### Exercise objective
The required output is the exact run of lines below that opens at the line with "X76200000Y-114300000D02*" and closes at the line with "X170.18Y-88.9".

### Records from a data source

--------

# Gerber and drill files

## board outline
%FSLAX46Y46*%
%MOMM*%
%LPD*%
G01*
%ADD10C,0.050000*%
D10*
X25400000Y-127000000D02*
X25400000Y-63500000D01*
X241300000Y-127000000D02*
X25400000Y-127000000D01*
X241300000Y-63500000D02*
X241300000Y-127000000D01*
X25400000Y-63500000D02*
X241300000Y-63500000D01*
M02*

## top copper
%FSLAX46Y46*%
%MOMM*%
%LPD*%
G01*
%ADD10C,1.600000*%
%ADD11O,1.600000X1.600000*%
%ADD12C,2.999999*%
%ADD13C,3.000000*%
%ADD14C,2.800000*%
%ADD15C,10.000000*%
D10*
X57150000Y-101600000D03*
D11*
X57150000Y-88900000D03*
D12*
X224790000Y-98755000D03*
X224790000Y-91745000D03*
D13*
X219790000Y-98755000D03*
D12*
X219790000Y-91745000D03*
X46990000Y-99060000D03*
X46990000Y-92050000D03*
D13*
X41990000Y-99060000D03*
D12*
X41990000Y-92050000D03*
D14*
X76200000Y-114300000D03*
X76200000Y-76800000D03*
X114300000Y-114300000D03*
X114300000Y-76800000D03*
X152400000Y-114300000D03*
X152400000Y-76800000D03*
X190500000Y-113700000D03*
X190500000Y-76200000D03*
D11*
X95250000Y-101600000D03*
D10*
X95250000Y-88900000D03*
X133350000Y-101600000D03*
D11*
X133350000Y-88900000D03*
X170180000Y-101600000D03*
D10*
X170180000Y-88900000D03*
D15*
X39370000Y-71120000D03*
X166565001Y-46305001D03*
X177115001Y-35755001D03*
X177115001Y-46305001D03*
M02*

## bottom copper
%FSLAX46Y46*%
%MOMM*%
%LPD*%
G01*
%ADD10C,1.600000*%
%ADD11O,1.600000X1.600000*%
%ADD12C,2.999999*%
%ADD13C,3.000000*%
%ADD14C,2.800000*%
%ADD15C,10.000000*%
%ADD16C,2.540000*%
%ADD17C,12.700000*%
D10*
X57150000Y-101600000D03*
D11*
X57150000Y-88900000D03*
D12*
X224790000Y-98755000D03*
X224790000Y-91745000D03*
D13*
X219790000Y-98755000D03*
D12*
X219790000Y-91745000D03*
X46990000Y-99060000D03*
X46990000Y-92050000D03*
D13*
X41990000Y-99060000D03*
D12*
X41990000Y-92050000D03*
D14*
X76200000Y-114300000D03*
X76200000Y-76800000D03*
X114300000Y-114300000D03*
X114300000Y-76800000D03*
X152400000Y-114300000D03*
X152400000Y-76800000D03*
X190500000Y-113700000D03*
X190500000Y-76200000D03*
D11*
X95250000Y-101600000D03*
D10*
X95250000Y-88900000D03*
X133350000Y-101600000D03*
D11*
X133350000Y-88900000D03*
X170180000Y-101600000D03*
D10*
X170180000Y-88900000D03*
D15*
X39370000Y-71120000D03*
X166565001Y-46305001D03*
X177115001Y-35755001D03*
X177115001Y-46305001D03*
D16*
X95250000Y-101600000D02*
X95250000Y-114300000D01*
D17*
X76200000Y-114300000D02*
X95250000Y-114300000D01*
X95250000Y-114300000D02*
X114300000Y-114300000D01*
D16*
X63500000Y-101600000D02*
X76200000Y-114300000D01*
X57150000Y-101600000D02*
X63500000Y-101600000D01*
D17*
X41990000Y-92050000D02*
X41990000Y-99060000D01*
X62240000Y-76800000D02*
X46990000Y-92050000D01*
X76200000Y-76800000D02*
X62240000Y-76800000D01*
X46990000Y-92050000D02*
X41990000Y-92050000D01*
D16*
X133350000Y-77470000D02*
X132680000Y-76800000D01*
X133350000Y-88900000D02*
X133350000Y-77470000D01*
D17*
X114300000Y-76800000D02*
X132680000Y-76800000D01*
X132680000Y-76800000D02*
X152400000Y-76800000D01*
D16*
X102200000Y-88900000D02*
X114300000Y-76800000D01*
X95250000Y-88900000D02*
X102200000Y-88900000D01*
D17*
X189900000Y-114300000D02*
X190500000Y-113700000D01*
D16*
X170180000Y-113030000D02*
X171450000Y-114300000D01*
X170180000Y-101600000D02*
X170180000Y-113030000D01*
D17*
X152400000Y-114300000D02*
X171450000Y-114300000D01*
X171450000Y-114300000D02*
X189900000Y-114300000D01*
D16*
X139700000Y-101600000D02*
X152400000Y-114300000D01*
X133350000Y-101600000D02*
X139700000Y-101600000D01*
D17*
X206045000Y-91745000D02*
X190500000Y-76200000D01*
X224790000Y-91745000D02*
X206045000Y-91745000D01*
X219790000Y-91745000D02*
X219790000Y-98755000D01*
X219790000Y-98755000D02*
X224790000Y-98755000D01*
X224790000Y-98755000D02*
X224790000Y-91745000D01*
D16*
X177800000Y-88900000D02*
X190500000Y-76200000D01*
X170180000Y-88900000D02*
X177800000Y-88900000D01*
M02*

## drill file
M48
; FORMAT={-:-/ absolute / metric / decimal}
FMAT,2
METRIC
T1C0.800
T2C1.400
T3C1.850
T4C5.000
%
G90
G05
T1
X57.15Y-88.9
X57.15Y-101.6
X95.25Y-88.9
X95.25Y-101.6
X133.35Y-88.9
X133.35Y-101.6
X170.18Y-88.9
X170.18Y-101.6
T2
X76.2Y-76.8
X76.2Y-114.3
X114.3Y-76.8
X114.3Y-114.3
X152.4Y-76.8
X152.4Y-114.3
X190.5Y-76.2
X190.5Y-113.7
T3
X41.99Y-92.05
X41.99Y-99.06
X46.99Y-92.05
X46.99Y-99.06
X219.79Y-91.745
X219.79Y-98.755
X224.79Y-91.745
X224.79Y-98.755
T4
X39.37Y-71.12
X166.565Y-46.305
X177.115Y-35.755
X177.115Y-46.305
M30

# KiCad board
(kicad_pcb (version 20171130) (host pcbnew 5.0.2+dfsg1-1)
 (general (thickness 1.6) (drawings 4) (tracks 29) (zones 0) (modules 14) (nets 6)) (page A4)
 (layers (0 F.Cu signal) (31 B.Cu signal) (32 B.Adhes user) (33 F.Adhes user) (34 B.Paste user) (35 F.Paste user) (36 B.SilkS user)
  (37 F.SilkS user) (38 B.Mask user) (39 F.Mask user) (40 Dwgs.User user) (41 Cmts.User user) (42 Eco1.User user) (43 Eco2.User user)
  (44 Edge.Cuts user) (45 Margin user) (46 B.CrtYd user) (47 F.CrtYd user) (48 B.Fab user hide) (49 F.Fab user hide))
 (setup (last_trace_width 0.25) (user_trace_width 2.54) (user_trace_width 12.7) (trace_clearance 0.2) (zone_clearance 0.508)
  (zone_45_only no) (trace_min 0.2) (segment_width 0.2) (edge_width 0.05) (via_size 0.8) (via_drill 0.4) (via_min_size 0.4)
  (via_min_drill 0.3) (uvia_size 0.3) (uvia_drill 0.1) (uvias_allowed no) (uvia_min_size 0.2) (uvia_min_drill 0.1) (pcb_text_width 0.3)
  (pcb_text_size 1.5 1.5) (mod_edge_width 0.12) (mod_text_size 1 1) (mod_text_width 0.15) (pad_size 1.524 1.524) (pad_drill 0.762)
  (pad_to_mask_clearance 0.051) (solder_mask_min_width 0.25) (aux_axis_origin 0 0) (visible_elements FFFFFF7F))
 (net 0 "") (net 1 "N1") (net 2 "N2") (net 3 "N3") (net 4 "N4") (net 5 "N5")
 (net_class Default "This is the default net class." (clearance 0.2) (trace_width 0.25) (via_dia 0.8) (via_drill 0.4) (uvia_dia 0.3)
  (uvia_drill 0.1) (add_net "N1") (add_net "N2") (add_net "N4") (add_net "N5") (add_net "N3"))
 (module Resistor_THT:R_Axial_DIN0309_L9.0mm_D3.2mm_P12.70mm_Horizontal (layer F.Cu) (at 57.15 101.6 90)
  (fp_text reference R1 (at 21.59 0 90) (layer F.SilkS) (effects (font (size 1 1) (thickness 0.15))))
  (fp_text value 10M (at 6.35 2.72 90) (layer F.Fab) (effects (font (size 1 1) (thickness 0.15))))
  (pad 1 thru_hole circle (at 0 0 90) (size 1.6 1.6) (drill 0.8) (layers *.Cu *.Mask) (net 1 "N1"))
  (pad 2 thru_hole oval (at 12.7 0 90) (size 1.6 1.6) (drill 0.8) (layers *.Cu *.Mask) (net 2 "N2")))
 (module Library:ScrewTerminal (layer F.Cu) (at 222.29 95.25)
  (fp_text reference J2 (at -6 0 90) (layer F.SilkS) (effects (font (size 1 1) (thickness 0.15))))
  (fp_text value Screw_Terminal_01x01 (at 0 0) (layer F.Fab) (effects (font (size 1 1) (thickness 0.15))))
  (pad 1 thru_hole circle (at 2.5 3.505) (size 2.999999 2.999999) (drill 1.85) (layers *.Cu *.Mask) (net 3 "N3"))
  (pad 1 thru_hole circle (at 2.5 -3.505) (size 2.999999 2.999999) (drill 1.85) (layers *.Cu *.Mask) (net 3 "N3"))
  (pad 1 thru_hole circle (at -2.5 3.505) (size 3 3) (drill 1.85) (layers *.Cu *.Mask) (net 3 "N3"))
  (pad 1 thru_hole circle (at -2.5 -3.505) (size 2.999999 2.999999) (drill 1.85) (layers *.Cu *.Mask) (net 3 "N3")))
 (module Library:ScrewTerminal (layer F.Cu) (at 44.49 95.555)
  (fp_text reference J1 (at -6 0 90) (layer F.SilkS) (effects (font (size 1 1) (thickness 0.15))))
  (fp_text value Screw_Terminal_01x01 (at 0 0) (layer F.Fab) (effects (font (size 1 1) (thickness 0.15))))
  (pad 1 thru_hole circle (at 2.5 3.505) (size 2.999999 2.999999) (drill 1.85) (layers *.Cu *.Mask) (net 2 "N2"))
  (pad 1 thru_hole circle (at 2.5 -3.505) (size 2.999999 2.999999) (drill 1.85) (layers *.Cu *.Mask) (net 2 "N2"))
  (pad 1 thru_hole circle (at -2.5 3.505) (size 3 3) (drill 1.85) (layers *.Cu *.Mask) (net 2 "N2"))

--------

### Result below
X76200000Y-114300000D02*
X95250000Y-114300000D01*
X95250000Y-114300000D02*
X114300000Y-114300000D01*
D16*
X63500000Y-101600000D02*
X76200000Y-114300000D01*
X57150000Y-101600000D02*
X63500000Y-101600000D01*
D17*
X41990000Y-92050000D02*
X41990000Y-99060000D01*
X62240000Y-76800000D02*
X46990000Y-92050000D01*
X76200000Y-76800000D02*
X62240000Y-76800000D01*
X46990000Y-92050000D02*
X41990000Y-92050000D01*
D16*
X133350000Y-77470000D02*
X132680000Y-76800000D01*
X133350000Y-88900000D02*
X133350000Y-77470000D01*
D17*
X114300000Y-76800000D02*
X132680000Y-76800000D01*
X132680000Y-76800000D02*
X152400000Y-76800000D01*
D16*
X102200000Y-88900000D02*
X114300000Y-76800000D01*
X95250000Y-88900000D02*
X102200000Y-88900000D01*
D17*
X189900000Y-114300000D02*
X190500000Y-113700000D01*
D16*
X170180000Y-113030000D02*
X171450000Y-114300000D01*
X170180000Y-101600000D02*
X170180000Y-113030000D01*
D17*
X152400000Y-114300000D02*
X171450000Y-114300000D01*
X171450000Y-114300000D02*
X189900000Y-114300000D01*
D16*
X139700000Y-101600000D02*
X152400000Y-114300000D01*
X133350000Y-101600000D02*
X139700000Y-101600000D01*
D17*
X206045000Y-91745000D02*
X190500000Y-76200000D01*
X224790000Y-91745000D02*
X206045000Y-91745000D01*
X219790000Y-91745000D02*
X219790000Y-98755000D01*
X219790000Y-98755000D02*
X224790000Y-98755000D01*
X224790000Y-98755000D02*
X224790000Y-91745000D01*
D16*
X177800000Y-88900000D02*
X190500000Y-76200000D01*
X170180000Y-88900000D02*
X177800000Y-88900000D01*
M02*

## drill file
M48
; FORMAT={-:-/ absolute / metric / decimal}
FMAT,2
METRIC
T1C0.800
T2C1.400
T3C1.850
T4C5.000
%
G90
G05
T1
X57.15Y-88.9
X57.15Y-101.6
X95.25Y-88.9
X95.25Y-101.6
X133.35Y-88.9
X133.35Y-101.6
X170.18Y-88.9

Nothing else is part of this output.